Of course, "references" in Java, C#, JavaScript and Python don't work quite this way. And ppl describe Python as "call by assignment" instead of call-by-value or call-by-reference.

It's funny because some would say that a pointer is a kind of "reference" in C (loosely speaking). Hence the term "dereferencing a pointer." (I am aware of the differences between C++ references and C/C++ pointers, of course.)

All of this is to say I don't think any of the POVs are right or wrong but clearly some of the concepts are fuzzy, ambiguous and context-dependent.

I've worked with people who coded in C for decades, and looked at me blankly when I said things like "when you dereference this pointer..." I have a feeling they would not accept your definition of a reference. (That doesn't make it incorrect.)

(*) As I haven't read the formal spec, I can't say what's "correct" or not myself. If we want to get technical, I would say that in your example -- "int l" -- l is an lvalue. Yes, I realize that a C++ reference variable is simply an alias for an lvalue, which probably lends credence to the argument that in C, an lvalue is a kind of reference. But I still claim that it's not what most people would think of when they say "reference". And yes, you can say that an lvalue is an expression that refers to a memory location (and you can get the address of that memory location using the & operator) but I still don't like to think of that as a "reference", because I think it muddies the waters even further.

I do think it's fair to say that "C references" (in your parlance), C++ reference variables / C# "ref locals", C#/Python/Java/JavaScript references all refer (ha!) to related concepts which are not identical.

Ref args in C++ and C# is yet another related concept, but not exactly the same as the others.
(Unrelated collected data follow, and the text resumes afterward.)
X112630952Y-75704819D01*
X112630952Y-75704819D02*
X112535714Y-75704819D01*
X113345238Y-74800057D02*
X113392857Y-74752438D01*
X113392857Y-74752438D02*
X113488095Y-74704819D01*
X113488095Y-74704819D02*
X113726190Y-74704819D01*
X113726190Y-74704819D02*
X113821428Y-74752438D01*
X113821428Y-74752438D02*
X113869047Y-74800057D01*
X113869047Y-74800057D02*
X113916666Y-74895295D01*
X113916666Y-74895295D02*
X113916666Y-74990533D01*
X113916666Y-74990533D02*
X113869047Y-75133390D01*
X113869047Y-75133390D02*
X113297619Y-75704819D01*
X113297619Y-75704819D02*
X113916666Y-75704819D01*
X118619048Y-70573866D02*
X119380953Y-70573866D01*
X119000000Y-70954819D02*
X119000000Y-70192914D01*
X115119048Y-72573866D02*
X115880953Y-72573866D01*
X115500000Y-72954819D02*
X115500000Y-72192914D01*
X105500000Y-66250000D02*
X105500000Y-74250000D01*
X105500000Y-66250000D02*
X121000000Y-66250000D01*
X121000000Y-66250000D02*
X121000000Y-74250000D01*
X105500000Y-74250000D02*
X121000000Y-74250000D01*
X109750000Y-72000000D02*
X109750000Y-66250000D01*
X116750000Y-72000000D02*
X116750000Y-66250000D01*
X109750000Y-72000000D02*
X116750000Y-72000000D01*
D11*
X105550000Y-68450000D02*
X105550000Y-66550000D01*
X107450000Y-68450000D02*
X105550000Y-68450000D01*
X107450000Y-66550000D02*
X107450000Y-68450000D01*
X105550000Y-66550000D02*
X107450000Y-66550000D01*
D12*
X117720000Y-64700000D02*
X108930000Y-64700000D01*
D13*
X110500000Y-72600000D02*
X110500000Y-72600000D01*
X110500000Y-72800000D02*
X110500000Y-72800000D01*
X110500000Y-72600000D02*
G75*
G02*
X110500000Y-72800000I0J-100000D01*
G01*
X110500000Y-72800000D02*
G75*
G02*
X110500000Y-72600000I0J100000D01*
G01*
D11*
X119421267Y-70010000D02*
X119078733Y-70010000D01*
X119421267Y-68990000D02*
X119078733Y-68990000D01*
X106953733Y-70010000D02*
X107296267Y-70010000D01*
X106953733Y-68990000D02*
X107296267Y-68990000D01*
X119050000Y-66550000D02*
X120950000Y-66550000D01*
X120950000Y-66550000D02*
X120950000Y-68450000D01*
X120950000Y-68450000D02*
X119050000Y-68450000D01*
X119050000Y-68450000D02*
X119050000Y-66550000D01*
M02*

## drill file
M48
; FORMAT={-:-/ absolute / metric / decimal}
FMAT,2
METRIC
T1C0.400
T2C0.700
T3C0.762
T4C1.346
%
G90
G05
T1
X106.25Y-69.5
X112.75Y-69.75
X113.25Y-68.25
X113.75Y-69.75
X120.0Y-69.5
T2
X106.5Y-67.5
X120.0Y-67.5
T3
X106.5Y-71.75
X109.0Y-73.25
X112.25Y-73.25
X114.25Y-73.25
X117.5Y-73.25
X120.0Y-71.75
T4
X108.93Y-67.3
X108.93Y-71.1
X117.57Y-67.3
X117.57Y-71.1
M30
The stackoverflow comment I pasted above hopefully explains it adequately.

0 flowstate over 3 years ago in reply to flowstate

Another data point from a MSFT engineer:

https://devblogs.microsoft.com/premier-developer/performance-traps-of-ref-locals-and-ref-returns-in-c/

The C# language from the very first version supported passing arguments by value or by reference.

Clearly (from context and by considering the other things MSFT has written), he's referring to the difference between

void foo(ref T a)

and

void foo2(T a)

regardless of what T itself is (a so-called "reference type" such as int[] or a so-called "value type" such as int). e.g. Suppose T is int[] -- I believe that dev would still refer to foo2 as "passing a by value".
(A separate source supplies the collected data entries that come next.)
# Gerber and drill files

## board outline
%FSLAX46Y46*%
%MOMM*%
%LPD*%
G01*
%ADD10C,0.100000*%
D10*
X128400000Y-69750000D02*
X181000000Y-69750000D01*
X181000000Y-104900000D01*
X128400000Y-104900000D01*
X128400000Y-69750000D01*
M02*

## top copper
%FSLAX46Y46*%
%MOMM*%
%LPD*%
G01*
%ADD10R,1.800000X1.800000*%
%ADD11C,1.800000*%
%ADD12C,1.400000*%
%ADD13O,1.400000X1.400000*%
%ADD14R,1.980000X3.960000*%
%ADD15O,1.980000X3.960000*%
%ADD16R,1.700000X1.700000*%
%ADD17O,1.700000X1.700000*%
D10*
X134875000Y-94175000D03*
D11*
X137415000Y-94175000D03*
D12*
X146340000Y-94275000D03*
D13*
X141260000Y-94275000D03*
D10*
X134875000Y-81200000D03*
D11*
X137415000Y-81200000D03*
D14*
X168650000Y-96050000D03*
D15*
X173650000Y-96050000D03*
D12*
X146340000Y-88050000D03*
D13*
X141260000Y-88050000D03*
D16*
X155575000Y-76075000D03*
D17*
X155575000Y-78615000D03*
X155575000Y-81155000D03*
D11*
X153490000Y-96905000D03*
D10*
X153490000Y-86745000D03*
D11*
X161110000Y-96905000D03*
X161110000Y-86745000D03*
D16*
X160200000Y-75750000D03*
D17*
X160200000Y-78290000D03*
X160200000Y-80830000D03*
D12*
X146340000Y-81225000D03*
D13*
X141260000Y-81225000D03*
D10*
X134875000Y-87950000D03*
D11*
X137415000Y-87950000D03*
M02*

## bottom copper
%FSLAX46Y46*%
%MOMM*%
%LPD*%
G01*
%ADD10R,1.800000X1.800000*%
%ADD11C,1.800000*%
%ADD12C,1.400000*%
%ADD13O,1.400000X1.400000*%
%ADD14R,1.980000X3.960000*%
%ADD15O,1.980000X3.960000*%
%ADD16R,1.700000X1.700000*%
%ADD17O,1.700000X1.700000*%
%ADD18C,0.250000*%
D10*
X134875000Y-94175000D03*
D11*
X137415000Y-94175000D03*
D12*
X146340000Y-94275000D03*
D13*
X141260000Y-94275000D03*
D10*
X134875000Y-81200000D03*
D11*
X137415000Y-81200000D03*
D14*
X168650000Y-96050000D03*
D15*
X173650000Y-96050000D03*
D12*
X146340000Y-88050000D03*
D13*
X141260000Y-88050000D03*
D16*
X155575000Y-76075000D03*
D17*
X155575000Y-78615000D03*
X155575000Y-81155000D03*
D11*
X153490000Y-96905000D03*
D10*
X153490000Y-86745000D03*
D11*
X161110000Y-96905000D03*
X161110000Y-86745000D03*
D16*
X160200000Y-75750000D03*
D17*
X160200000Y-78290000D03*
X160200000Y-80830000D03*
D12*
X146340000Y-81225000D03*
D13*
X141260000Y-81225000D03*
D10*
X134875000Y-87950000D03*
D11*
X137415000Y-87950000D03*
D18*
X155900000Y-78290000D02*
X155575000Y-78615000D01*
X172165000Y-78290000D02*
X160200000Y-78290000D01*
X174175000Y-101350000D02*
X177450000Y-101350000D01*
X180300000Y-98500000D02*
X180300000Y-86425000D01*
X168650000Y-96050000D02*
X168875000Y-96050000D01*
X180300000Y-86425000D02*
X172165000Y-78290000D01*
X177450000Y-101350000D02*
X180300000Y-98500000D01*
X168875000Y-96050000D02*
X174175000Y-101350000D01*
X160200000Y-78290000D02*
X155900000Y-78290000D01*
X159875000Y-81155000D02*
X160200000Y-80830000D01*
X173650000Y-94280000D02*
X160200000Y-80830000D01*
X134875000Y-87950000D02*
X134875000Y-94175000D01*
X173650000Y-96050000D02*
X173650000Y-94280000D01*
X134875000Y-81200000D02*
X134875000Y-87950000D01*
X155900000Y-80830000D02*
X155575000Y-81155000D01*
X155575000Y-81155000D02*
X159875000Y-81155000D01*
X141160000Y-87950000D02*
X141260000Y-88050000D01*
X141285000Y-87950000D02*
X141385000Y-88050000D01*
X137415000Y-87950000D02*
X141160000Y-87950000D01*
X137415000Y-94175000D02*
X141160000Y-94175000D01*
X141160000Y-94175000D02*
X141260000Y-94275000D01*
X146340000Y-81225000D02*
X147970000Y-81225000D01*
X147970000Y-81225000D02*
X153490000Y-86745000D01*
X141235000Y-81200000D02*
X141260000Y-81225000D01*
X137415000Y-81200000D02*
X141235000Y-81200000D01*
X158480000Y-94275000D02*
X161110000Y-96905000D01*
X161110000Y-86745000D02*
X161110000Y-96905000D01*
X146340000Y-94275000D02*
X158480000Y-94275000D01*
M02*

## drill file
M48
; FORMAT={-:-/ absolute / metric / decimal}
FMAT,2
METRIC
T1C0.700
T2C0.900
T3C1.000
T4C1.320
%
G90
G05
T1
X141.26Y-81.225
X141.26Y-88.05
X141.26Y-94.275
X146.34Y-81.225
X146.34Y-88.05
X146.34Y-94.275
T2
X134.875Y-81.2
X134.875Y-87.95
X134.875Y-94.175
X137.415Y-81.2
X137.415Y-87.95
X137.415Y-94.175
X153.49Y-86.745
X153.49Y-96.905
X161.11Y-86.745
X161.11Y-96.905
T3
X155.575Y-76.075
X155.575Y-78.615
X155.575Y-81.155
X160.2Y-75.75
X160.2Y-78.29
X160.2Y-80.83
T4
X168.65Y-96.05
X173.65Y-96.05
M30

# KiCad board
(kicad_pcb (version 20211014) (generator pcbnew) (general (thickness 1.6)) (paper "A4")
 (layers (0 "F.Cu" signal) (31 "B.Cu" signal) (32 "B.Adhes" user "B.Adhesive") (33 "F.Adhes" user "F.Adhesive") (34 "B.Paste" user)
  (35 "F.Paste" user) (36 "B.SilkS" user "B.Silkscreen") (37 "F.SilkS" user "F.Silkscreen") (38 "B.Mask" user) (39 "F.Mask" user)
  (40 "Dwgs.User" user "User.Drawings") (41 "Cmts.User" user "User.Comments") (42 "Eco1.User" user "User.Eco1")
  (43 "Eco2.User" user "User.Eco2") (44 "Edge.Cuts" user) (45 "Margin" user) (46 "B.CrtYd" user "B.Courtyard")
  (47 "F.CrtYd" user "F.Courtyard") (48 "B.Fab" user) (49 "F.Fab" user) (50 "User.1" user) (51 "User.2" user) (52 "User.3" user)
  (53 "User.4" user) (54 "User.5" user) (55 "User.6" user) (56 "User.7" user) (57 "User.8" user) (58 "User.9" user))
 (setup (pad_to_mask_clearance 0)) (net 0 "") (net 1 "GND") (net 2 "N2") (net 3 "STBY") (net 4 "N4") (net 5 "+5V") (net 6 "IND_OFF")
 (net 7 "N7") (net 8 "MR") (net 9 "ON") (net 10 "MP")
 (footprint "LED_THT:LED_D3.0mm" (layer "F.Cu") (at 134.875 94.175)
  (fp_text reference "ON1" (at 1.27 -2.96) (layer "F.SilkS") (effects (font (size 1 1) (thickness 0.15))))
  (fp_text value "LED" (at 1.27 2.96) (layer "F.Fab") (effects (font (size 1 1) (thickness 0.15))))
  (pad "1" thru_hole rect (at 0 0) (size 1.8 1.8) (drill 0.9) (layers *.Cu *.Mask) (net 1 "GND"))
  (pad "2" thru_hole circle (at 2.54 0) (size 1.8 1.8) (drill 0.9) (layers *.Cu *.Mask) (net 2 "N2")))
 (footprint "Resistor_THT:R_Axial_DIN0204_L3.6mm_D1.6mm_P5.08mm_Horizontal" (layer "F.Cu") (at 146.34 94.275 180)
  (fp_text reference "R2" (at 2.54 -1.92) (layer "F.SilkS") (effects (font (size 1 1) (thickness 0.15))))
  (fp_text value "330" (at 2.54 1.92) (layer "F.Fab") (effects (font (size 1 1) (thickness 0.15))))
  (pad "1" thru_hole circle (at 0 0 180) (size 1.4 1.4) (drill 0.7) (layers *.Cu *.Mask) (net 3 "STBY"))
  (pad "2" thru_hole oval (at 5.08 0 180) (size 1.4 1.4) (drill 0.7) (layers *.Cu *.Mask) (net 2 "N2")))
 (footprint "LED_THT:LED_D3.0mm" (layer "F.Cu") (at 134.875 81.2)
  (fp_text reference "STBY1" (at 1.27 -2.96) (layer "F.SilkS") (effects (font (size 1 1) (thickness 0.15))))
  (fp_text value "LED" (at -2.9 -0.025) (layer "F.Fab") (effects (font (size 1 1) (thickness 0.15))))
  (pad "1" thru_hole rect (at 0 0) (size 1.8 1.8) (drill 0.9) (layers *.Cu *.Mask) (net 1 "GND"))
  (pad "2" thru_hole circle (at 2.54 0) (size 1.8 1.8) (drill 0.9) (layers *.Cu *.Mask) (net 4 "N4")))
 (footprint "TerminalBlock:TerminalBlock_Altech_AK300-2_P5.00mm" (layer "F.Cu") (at 168.65 96.05)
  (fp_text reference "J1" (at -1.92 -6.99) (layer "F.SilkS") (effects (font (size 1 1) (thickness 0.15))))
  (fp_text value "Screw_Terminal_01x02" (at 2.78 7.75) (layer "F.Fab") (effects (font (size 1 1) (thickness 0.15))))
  (pad "1" thru_hole rect (at 0 0) (size 1.98 3.96) (drill 1.32) (layers *.Cu *.Mask) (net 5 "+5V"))
  (pad "2" thru_hole oval (at 5 0) (size 1.98 3.96) (drill 1.32) (layers *.Cu *.Mask) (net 1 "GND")))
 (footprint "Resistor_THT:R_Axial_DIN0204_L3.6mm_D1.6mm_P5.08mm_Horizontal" (layer "F.Cu") (at 146.34 88.05 180)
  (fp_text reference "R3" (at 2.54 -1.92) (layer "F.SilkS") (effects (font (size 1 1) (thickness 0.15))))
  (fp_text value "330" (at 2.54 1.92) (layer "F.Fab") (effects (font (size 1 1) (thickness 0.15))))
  (pad "1" thru_hole circle (at 0 0 180) (size 1.4 1.4) (drill 0.7) (layers *.Cu *.Mask) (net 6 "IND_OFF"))
  (pad "2" thru_hole oval (at 5.08 0 180) (size 1.4 1.4) (drill 0.7) (layers *.Cu *.Mask) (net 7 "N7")))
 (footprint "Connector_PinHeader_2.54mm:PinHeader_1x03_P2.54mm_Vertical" (layer "F.Cu") (at 155.575 76.075)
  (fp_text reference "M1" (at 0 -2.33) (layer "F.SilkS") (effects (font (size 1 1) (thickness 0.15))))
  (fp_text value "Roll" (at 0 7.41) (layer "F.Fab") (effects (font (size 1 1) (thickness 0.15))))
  (pad "1" thru_hole rect (at 0 0) (size 1.7 1.7) (drill 1) (layers *.Cu *.Mask) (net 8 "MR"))
  (pad "2" thru_hole oval (at 0 2.54) (size 1.7 1.7) (drill 1) (layers *.Cu *.Mask) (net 5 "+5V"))
  (pad "3" thru_hole oval (at 0 5.08) (size 1.7 1.7) (drill 1) (layers *.Cu *.Mask) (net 1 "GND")))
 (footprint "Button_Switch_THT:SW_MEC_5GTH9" (layer "F.Cu") (at 153.49 86.745)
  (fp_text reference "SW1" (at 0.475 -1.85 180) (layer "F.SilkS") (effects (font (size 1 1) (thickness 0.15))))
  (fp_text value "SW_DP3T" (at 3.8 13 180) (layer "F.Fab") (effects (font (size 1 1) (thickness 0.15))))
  (pad "1" thru_hole circle (at 0 10.16 90) (size 1.8 1.8) (drill 0.9) (layers *.Cu *.Mask) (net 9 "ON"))
  (pad "1" thru_hole rect (at 0 0 90) (size 1.8 1.8) (drill 0.9) (layers *.Cu *.Mask) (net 9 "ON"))
  (pad "2" thru_hole circle (at 7.62 10.16 90) (size 1.8 1.8) (drill 0.9) (layers *.Cu *.Mask) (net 3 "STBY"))
  (pad "2" thru_hole circle (at 7.62 0 90) (size 1.8 1.8) (drill 0.9) (layers *.Cu *.Mask) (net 3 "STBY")))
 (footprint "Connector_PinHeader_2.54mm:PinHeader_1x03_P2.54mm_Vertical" (layer "F.Cu") (at 160.2 75.75)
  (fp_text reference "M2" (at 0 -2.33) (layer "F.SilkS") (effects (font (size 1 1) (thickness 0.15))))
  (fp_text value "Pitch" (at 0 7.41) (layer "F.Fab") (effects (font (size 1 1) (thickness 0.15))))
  (pad "1" thru_hole rect (at 0 0) (size 1.7 1.7) (drill 1) (layers *.Cu *.Mask) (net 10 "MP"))
  (pad "2" thru_hole oval (at 0 2.54) (size 1.7 1.7) (drill 1) (layers *.Cu *.Mask) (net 5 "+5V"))
  (pad "3" thru_hole oval (at 0 5.08) (size 1.7 1.7) (drill 1) (layers *.Cu *.Mask) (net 1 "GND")))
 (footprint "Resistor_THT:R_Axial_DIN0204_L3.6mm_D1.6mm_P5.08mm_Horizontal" (layer "F.Cu") (at 146.34 81.225 180)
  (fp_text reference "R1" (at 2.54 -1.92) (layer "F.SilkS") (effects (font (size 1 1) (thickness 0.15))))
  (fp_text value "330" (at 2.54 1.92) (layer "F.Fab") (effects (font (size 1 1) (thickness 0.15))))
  (pad "1" thru_hole circle (at 0 0 180) (size 1.4 1.4) (drill 0.7) (layers *.Cu *.Mask) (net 9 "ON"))
  (pad "2" thru_hole oval (at 5.08 0 180) (size 1.4 1.4) (drill 0.7) (layers *.Cu *.Mask) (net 4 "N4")))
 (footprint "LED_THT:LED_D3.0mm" (layer "F.Cu") (at 134.875 87.95)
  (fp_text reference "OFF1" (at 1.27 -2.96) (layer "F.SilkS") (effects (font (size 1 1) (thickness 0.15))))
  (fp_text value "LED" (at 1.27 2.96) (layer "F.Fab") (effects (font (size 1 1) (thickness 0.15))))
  (pad "1" thru_hole rect (at 0 0) (size 1.8 1.8) (drill 0.9) (layers *.Cu *.Mask) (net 1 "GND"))
  (pad "2" thru_hole circle (at 2.54 0) (size 1.8 1.8) (drill 0.9) (layers *.Cu *.Mask) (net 7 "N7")))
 (gr_rect (start 128.4 104.9) (end 181 69.75) (layer "Edge.Cuts") (width 0.1) (fill none))
 (segment (start 155.9 78.29) (end 155.575 78.615) (width 0.25) (layer "B.Cu") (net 5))
 (segment (start 172.165 78.29) (end 160.2 78.29) (width 0.25) (layer "B.Cu") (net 5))
 (segment (start 174.175 101.35) (end 177.45 101.35) (width 0.25) (layer "B.Cu") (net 5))
 (segment (start 180.3 98.5) (end 180.3 86.425) (width 0.25) (layer "B.Cu") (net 5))
 (segment (start 168.65 96.05) (end 168.875 96.05) (width 0.25) (layer "B.Cu") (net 5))
 (segment (start 180.3 86.425) (end 172.165 78.29) (width 0.25) (layer "B.Cu") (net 5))
 (segment (start 177.45 101.35) (end 180.3 98.5) (width 0.25) (layer "B.Cu") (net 5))
 (segment (start 168.875 96.05) (end 174.175 101.35) (width 0.25) (layer "B.Cu") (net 5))
 (segment (start 160.2 78.29) (end 155.9 78.29) (width 0.25) (layer "B.Cu") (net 5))
 (segment (start 159.875 81.155) (end 160.2 80.83) (width 0.25) (layer "B.Cu") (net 1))
 (segment (start 173.65 94.28) (end 160.2 80.83) (width 0.25) (layer "B.Cu") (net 1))
 (segment (start 134.875 87.95) (end 134.875 94.175) (width 0.25) (layer "B.Cu") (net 1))
 (segment (start 173.65 96.05) (end 173.65 94.28) (width 0.25) (layer "B.Cu") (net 1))
 (segment (start 134.875 81.2) (end 134.875 87.95) (width 0.25) (layer "B.Cu") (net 1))
 (segment (start 155.9 80.83) (end 155.575 81.155) (width 0.25) (layer "B.Cu") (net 1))
 (segment (start 155.575 81.155) (end 159.875 81.155) (width 0.25) (layer "B.Cu") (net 1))
 (segment (start 141.16 87.95) (end 141.26 88.05) (width 0.25) (layer "B.Cu") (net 7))
 (segment (start 141.285 87.95) (end 141.385 88.05) (width 0.25) (layer "B.Cu") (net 7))
 (segment (start 137.415 87.95) (end 141.16 87.95) (width 0.25) (layer "B.Cu") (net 7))
 (segment (start 137.415 94.175) (end 141.16 94.175) (width 0.25) (layer "B.Cu") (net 2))
 (segment (start 141.16 94.175) (end 141.26 94.275) (width 0.25) (layer "B.Cu") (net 2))
 (segment (start 146.34 81.225) (end 147.97 81.225) (width 0.25) (layer "B.Cu") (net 9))
 (segment (start 147.97 81.225) (end 153.49 86.745) (width 0.25) (layer "B.Cu") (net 9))
 (segment (start 141.235 81.2) (end 141.26 81.225) (width 0.25) (layer "B.Cu") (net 4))
 (segment (start 137.415 81.2) (end 141.235 81.2) (width 0.25) (layer "B.Cu") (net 4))
 (segment (start 158.48 94.275) (end 161.11 96.905) (width 0.25) (layer "B.Cu") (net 3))
 (segment (start 161.11 86.745) (end 161.11 96.905) (width 0.25) (layer "B.Cu") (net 3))
 (segment (start 146.34 94.275) (end 158.48 94.275) (width 0.25) (layer "B.Cu") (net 3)))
0 jim_m_58 over 3 years ago

Remember in Monkey C you're not dealing directly with pointers, numbers, etc.. Just objects. In the case of an array, it's a collection of other objects. So. "x" above is put on the call stack and a copy is seen in f() as "arr", but it's a different object than "x" (a copy), but the elements of "arr" are exactly the same objects as in "x" . So when you modify one of those objects using "arr", you see that in "x".